Reading a set of annotations is a matter of passing in the dicoms that contain the annotations, and in the case of Visage annotations, the original volume as well. For example:
dcmannotate read -i slice_*_sc.dcm
dcmannotate read -i visage_pr.dcm -v slice_*.dcm
The output is a JSON-formatted list of objects encoding the annotations on each slice. For example:
[
{
"arrows": [
{
"value": 100, "unit": "mm",
"x": 128, "y": 170
}, ],
"ellipses": [
{
"value": "Finding A", "unit": null,
"center_x": 128, "center_y": 276,
"rx": 72, "ry": 128
}, ],
"reference_sop_uid": "1.2.276.0.7230010.3.1.4.7906180978556"
}, ]
To write a set of annotations, you must specify which output format to use (sc, sr, or visage), provide the input dicom series, and specify the output file(s) with a pattern. The annotations themselves are provided in the same JSON format as above, and if they aren't specified as a keyword parameter, they will be read from stdin
.
dcmannotate write sc -i in/slice.*.dcm -o "out/slice_sc.*.dcm" -a '[{"arrows": ..., "reference_sop_uid": ...}]'
echo -a '[{"arrows": ..., "reference_sop_uid": ...}]' | dcmannotate write visage -i in/slice.*.dcm -o "out/visage_pr.dcm"

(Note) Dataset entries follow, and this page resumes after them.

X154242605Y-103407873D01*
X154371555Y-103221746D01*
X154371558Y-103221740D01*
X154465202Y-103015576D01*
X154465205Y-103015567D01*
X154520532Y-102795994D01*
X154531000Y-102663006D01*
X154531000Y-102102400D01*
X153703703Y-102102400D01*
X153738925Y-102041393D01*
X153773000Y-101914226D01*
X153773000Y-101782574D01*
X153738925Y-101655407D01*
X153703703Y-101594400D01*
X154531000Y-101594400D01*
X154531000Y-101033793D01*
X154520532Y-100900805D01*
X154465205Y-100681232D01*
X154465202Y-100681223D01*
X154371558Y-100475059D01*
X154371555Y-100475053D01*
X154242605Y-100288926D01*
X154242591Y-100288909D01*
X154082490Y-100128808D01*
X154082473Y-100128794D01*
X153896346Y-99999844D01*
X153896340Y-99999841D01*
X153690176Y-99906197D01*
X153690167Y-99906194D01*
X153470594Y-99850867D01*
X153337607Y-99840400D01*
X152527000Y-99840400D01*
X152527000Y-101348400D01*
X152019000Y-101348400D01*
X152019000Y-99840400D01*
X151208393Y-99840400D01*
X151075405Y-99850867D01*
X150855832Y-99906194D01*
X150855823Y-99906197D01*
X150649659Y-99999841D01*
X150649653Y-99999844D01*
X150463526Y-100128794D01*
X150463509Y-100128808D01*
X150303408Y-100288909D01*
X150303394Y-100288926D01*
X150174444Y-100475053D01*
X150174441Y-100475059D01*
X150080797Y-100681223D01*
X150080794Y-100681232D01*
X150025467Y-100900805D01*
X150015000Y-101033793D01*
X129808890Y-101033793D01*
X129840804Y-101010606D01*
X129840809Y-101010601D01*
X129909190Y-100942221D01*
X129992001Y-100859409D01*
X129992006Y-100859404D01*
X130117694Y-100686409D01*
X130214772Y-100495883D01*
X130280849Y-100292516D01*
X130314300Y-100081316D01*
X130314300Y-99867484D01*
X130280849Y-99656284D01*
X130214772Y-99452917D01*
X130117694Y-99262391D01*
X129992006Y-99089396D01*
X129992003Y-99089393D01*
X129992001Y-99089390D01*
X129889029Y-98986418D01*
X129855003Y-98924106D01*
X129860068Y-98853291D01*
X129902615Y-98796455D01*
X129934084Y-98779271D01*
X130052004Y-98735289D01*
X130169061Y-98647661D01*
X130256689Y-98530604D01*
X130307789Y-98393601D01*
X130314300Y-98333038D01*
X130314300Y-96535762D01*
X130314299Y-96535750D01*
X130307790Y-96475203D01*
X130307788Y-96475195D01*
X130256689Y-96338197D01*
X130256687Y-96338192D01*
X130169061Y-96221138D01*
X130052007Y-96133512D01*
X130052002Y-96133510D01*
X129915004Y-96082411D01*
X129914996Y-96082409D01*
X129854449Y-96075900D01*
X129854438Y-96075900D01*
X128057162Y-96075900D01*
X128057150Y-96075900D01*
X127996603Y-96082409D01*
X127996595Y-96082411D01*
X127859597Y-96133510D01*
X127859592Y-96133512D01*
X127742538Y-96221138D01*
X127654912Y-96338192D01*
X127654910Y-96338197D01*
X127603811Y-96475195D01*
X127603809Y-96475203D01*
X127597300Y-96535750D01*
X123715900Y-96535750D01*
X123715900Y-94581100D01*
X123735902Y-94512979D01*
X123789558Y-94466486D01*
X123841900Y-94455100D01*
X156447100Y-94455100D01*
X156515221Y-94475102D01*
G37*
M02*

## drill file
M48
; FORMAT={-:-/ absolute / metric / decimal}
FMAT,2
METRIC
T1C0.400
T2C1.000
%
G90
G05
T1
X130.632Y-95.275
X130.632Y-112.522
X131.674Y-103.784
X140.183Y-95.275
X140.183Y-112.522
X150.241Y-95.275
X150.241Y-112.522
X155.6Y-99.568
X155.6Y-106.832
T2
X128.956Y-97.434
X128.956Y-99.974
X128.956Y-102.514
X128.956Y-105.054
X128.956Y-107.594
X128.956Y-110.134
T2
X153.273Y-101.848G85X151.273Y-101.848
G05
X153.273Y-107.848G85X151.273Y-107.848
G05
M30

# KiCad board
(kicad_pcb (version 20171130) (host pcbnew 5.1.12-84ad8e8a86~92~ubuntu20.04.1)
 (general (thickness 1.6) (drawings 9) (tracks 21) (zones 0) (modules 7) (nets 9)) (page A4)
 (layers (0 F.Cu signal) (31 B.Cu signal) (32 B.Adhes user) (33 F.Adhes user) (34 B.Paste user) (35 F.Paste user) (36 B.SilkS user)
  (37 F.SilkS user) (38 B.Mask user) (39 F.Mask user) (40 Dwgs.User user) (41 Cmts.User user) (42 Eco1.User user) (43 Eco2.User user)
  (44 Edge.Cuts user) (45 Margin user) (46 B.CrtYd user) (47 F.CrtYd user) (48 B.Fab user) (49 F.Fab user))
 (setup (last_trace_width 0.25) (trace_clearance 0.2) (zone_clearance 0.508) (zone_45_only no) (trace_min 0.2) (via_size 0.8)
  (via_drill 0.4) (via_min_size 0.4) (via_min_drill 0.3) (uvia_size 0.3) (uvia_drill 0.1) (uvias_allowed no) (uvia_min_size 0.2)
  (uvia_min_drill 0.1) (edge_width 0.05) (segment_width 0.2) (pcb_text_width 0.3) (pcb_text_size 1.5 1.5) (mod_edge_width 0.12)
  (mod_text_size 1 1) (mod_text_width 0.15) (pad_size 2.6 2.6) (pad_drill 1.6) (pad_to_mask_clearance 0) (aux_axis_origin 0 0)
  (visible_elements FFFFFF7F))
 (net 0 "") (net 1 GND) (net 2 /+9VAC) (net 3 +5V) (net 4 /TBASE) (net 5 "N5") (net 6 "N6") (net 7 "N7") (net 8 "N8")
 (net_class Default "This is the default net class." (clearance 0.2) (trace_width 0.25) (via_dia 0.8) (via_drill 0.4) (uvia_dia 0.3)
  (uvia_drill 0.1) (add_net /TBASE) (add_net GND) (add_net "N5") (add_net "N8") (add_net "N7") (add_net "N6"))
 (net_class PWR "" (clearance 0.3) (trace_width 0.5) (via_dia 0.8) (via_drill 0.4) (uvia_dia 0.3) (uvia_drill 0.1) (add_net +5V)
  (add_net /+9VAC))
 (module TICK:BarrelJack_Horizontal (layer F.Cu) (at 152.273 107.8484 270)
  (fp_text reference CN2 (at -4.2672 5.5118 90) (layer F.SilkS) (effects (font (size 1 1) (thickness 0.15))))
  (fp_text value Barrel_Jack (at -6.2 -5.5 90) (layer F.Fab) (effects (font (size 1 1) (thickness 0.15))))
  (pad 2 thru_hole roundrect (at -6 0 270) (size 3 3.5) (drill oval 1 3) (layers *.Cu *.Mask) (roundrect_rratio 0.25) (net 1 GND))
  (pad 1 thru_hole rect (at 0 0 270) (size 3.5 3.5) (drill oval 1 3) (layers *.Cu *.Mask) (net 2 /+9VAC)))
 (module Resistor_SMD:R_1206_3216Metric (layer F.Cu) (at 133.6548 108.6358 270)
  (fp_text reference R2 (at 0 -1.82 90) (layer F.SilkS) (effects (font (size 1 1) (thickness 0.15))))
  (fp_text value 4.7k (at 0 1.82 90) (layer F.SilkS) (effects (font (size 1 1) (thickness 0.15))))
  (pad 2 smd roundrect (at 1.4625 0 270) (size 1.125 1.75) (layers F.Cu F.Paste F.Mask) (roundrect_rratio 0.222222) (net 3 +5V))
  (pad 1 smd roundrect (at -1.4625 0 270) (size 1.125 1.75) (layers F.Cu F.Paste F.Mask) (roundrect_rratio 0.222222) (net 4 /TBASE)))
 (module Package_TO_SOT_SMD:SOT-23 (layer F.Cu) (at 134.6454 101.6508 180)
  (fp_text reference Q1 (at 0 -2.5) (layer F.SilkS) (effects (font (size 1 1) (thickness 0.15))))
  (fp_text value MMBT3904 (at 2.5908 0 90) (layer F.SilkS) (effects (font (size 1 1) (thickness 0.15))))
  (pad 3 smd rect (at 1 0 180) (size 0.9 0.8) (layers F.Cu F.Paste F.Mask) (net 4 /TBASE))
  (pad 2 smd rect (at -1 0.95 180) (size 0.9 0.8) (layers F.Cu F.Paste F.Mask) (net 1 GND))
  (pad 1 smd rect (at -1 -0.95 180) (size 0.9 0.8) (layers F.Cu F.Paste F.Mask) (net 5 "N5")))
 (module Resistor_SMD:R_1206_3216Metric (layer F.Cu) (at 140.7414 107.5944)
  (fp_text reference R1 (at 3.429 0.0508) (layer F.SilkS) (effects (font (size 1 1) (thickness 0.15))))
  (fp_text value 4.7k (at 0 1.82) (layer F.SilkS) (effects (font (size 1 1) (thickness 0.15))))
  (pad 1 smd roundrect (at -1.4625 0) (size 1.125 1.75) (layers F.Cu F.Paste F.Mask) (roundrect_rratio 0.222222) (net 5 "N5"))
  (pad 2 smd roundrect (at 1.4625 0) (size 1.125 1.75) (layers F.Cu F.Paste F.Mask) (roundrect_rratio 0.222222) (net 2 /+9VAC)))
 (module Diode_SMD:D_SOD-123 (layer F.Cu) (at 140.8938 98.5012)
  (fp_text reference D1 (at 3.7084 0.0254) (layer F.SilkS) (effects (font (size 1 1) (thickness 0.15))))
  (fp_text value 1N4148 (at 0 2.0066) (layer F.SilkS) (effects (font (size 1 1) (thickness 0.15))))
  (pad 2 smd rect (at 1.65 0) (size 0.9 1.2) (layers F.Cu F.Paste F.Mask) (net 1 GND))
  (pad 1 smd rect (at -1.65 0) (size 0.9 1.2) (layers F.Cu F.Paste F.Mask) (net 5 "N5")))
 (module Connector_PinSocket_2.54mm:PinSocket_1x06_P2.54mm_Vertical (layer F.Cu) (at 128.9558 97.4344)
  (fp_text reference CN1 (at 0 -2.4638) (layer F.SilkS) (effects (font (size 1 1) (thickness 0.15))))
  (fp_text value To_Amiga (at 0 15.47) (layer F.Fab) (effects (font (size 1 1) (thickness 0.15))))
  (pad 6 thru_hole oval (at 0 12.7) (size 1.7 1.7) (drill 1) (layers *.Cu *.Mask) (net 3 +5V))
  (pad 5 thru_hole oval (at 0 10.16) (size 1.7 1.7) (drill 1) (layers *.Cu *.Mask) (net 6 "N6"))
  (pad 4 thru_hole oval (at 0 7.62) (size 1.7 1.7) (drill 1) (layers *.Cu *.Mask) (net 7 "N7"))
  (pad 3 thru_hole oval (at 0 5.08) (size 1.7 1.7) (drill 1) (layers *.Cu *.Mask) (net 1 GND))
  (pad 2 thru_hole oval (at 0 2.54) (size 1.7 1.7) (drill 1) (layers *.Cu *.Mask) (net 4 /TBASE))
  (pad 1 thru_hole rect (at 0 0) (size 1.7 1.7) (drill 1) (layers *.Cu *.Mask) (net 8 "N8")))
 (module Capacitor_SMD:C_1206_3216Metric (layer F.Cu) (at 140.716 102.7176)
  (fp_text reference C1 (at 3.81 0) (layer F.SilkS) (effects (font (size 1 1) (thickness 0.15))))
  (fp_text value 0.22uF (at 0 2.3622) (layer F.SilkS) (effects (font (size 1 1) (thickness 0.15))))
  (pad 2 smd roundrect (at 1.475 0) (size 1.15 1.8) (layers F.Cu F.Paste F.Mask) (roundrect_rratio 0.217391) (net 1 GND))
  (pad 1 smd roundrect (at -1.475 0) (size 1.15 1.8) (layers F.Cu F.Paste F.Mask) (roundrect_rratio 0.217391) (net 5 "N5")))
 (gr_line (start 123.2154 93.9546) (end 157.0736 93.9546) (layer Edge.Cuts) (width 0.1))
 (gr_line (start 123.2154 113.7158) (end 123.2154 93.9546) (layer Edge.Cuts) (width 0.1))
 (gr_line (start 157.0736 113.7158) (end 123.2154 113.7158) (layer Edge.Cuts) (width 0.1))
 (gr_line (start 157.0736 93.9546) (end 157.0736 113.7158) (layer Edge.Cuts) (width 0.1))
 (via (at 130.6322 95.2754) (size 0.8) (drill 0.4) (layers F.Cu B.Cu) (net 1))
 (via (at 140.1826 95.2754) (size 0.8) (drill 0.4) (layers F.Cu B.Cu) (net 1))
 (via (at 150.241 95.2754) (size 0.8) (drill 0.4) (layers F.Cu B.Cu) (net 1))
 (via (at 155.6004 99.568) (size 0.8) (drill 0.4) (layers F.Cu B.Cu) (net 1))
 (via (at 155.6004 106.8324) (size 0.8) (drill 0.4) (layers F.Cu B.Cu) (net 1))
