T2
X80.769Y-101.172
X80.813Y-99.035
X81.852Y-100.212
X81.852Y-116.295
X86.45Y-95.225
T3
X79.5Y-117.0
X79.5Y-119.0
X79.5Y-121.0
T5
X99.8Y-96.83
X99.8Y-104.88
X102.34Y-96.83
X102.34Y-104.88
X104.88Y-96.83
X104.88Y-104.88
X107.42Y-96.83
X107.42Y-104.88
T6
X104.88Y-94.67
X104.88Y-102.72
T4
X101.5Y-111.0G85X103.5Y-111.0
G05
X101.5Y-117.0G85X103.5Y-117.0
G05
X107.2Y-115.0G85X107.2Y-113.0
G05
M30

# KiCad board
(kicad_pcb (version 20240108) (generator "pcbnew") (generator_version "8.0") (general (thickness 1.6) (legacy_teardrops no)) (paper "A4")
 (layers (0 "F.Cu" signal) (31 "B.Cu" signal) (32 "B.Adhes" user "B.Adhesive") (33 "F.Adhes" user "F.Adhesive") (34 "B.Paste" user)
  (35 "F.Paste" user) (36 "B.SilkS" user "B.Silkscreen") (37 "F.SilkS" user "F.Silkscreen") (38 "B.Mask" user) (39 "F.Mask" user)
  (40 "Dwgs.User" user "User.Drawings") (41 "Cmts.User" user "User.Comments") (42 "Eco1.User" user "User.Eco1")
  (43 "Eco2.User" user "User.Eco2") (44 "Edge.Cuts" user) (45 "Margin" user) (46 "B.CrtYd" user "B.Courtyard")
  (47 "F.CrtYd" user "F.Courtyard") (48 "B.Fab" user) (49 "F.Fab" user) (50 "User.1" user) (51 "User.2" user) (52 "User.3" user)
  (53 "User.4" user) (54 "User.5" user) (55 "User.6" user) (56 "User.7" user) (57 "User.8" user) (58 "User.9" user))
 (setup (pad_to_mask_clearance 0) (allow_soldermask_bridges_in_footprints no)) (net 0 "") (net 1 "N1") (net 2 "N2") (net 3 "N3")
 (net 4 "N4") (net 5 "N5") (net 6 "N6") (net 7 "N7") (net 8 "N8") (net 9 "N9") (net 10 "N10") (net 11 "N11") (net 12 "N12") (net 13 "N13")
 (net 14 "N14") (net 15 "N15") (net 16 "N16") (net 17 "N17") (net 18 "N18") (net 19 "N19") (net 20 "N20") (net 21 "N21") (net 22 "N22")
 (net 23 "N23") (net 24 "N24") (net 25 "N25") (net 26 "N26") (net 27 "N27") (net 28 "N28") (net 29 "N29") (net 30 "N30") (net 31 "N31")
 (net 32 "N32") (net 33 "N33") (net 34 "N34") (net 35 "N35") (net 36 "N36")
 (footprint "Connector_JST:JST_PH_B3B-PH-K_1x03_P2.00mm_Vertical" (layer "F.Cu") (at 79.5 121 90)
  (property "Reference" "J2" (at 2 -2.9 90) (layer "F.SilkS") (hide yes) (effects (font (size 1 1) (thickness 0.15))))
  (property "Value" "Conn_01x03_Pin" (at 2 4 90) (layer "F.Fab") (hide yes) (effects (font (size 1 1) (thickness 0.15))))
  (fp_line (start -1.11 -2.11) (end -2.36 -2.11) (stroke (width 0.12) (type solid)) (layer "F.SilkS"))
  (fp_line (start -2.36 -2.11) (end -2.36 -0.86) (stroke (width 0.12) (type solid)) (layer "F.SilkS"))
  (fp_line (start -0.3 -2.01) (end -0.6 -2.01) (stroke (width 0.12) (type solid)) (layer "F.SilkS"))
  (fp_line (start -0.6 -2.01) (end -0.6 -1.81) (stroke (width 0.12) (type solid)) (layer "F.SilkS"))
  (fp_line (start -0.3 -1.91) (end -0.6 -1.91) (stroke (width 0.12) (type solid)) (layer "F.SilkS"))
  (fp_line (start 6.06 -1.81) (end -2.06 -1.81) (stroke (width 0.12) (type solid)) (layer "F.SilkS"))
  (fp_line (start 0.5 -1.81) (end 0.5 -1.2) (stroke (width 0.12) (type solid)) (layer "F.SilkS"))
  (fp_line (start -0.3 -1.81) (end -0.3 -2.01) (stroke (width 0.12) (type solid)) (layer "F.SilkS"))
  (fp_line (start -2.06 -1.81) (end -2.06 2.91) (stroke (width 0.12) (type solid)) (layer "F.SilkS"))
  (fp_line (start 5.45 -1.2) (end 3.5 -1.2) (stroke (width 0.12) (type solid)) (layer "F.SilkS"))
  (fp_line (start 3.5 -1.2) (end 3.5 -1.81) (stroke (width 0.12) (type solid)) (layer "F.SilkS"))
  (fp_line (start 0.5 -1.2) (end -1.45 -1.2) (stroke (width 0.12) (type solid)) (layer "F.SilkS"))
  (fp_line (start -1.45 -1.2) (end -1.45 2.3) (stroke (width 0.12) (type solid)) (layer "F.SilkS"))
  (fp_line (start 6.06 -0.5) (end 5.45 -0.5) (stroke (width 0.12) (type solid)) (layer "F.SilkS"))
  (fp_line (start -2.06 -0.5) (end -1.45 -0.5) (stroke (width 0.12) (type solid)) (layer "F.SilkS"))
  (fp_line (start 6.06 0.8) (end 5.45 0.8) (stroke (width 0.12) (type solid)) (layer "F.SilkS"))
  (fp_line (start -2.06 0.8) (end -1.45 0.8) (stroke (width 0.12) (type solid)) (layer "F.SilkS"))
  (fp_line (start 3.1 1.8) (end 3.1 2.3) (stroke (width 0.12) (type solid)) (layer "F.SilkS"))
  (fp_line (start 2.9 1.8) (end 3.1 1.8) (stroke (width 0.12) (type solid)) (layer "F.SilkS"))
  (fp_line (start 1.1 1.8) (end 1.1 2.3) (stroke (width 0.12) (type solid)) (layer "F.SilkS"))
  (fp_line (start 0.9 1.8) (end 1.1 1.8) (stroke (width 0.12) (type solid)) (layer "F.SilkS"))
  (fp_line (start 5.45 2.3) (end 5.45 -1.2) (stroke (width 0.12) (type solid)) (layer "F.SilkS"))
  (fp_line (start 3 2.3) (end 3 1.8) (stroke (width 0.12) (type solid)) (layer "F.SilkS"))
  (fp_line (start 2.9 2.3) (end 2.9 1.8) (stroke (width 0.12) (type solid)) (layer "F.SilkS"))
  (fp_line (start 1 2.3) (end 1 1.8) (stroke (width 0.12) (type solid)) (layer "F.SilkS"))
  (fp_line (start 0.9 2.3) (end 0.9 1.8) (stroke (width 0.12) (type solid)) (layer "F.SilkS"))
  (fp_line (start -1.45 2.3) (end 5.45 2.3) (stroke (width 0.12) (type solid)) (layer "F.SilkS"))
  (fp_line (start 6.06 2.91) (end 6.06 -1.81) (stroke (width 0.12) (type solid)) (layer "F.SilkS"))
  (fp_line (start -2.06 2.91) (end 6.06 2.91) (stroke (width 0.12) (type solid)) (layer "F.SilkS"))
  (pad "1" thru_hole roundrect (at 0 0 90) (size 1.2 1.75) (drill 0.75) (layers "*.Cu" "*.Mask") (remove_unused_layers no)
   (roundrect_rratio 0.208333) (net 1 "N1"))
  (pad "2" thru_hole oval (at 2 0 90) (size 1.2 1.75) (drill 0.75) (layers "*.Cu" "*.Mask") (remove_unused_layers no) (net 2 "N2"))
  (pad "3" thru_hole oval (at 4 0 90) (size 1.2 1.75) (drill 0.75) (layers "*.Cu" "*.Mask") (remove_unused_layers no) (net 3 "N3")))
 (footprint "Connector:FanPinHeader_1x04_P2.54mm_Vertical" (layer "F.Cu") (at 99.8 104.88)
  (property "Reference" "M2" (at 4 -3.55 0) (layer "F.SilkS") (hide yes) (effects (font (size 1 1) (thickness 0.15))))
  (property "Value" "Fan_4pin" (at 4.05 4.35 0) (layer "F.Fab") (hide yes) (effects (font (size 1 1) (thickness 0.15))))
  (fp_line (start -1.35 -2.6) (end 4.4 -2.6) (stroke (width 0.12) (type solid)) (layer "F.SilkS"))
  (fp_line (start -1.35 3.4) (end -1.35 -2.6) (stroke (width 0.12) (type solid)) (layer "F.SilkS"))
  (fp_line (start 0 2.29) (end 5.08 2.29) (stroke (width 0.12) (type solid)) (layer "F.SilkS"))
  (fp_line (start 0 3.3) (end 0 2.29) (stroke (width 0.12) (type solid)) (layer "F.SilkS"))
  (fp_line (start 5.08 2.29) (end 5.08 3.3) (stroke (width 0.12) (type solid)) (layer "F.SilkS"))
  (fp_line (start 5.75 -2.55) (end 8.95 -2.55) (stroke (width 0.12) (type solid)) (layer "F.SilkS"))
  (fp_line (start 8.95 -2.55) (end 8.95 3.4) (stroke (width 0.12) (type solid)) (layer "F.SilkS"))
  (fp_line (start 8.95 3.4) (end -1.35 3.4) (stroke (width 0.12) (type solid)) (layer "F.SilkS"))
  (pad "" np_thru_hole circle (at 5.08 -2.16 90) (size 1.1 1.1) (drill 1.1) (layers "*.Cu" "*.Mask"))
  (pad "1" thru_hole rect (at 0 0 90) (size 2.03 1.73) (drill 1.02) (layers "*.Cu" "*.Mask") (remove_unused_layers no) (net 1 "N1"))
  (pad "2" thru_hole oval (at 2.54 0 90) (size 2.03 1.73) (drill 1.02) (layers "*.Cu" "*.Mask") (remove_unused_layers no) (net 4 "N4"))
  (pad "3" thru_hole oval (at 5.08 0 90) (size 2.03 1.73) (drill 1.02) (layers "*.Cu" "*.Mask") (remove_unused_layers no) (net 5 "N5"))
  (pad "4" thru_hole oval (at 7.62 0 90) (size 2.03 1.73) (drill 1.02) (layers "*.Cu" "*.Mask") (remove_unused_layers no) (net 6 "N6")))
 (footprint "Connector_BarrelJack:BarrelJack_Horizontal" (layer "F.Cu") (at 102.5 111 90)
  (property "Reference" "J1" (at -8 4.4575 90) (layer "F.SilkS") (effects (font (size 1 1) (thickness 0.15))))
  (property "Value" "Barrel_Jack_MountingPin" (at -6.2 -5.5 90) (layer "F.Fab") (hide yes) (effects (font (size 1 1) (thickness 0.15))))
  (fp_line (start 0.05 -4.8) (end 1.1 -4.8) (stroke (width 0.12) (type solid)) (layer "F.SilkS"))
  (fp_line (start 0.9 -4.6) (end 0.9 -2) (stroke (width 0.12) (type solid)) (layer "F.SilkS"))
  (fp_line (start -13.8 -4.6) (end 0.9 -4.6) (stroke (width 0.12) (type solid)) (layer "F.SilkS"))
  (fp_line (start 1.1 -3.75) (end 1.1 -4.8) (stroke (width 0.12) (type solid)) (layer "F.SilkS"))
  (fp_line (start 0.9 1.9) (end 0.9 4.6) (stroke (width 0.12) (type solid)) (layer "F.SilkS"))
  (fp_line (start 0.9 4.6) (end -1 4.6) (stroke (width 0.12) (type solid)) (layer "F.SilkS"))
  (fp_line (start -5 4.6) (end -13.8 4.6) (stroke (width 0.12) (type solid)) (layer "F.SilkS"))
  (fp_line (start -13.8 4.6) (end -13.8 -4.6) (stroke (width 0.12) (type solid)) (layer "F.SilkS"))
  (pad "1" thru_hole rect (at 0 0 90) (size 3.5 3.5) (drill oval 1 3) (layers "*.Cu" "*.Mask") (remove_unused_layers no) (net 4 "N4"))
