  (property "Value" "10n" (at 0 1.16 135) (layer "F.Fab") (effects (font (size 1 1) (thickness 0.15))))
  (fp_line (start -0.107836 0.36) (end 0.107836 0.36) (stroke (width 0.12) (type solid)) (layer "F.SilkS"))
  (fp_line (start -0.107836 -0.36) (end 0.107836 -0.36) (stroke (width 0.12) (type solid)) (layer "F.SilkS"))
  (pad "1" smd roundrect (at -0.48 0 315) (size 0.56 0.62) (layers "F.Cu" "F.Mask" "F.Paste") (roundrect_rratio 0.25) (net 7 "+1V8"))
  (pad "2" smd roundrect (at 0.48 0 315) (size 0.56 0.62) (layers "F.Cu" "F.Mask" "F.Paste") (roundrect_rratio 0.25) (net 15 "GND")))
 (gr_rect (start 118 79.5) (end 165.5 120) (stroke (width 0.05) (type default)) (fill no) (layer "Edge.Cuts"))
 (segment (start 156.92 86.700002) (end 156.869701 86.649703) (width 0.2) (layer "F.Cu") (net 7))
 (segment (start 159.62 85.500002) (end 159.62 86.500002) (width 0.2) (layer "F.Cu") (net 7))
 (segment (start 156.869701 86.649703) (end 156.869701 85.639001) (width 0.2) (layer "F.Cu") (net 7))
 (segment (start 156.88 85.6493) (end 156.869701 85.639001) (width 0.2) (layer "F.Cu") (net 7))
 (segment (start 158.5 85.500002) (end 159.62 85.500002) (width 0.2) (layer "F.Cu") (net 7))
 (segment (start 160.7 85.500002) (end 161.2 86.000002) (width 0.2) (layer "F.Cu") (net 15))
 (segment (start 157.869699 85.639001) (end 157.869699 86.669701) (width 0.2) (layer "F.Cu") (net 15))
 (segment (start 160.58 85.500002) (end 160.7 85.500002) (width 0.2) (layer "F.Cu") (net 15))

For testing purposes, you can also write a set of png images, which will appear identical to secondary capture output.
dcmannotate write png -i in/slice.*.dcm -o "out/slice_test.*.png"
When both reading and writing, the -i
parameter can either be a list of files (such as those generated by globbing above) or a single string that will be globbed internally, eg
dcmannotate read -i "out/slice_sc.*.dcm"
To convert a set of annotations from one format to another, you can pipe the results of dcmannotate read
to dcmannotate write
:
dcmannotate read -i "out/slice_sc.*.dcm" | dcmannotate write sr -i in/slice.*.dcm -o "out/slice_sr.*.dcm"
Writing SR results is a matter of calling volume.write_sr()
. The SR files for each slice that has annotations will be written next to it, so slice0.dcm
will have slice0_sr.dcm
if that slice has been annotated. Development of this output format has been tested against OHIF and may not work elsewhere.
You can also provide a path pattern (see Secondary Capture below).
When writing a secondary capture, DCMAnnotate writes out a new volume with the annotations burned into the pixels of each slice. The parameter to Volume.write_sc(path: str)
is a path pattern, such as "./result/slice_*.dcm"
. The wildcard character *
is replaced by the z-index of each slice. This may or may not lead to the resulting files sorting in the same order as the original files, since the first file might not correspond to the lowest z-index.
DCMAnnotate additionally writes a JSON representation of the annotations into a private block (0x0091
). The two tags are:
Tag | Name | VR | VM |
---|---|---|---|
(0091, 1000) | AnnotationDataVersion | UL | 1 |
(0091, 1001) | AnnotationData | LT | 1 |
At present the only AnnotationDataVersion is 1. If the data representation changes, the AnnotationDataVersion will be incremented, and out-of-date versions of DCMAnnotate will refuse to read the file.
The Visage writer attempts to match the Visage internal format for annotations as closely as possible, at least for these measurement types. However, this is a proprietary format that is not publicly documented, and issues may arise. The parameter to Volume.write_visage(path: Union[str, Path])
should be a path to a single dicom file where the annotations for this volume will be written.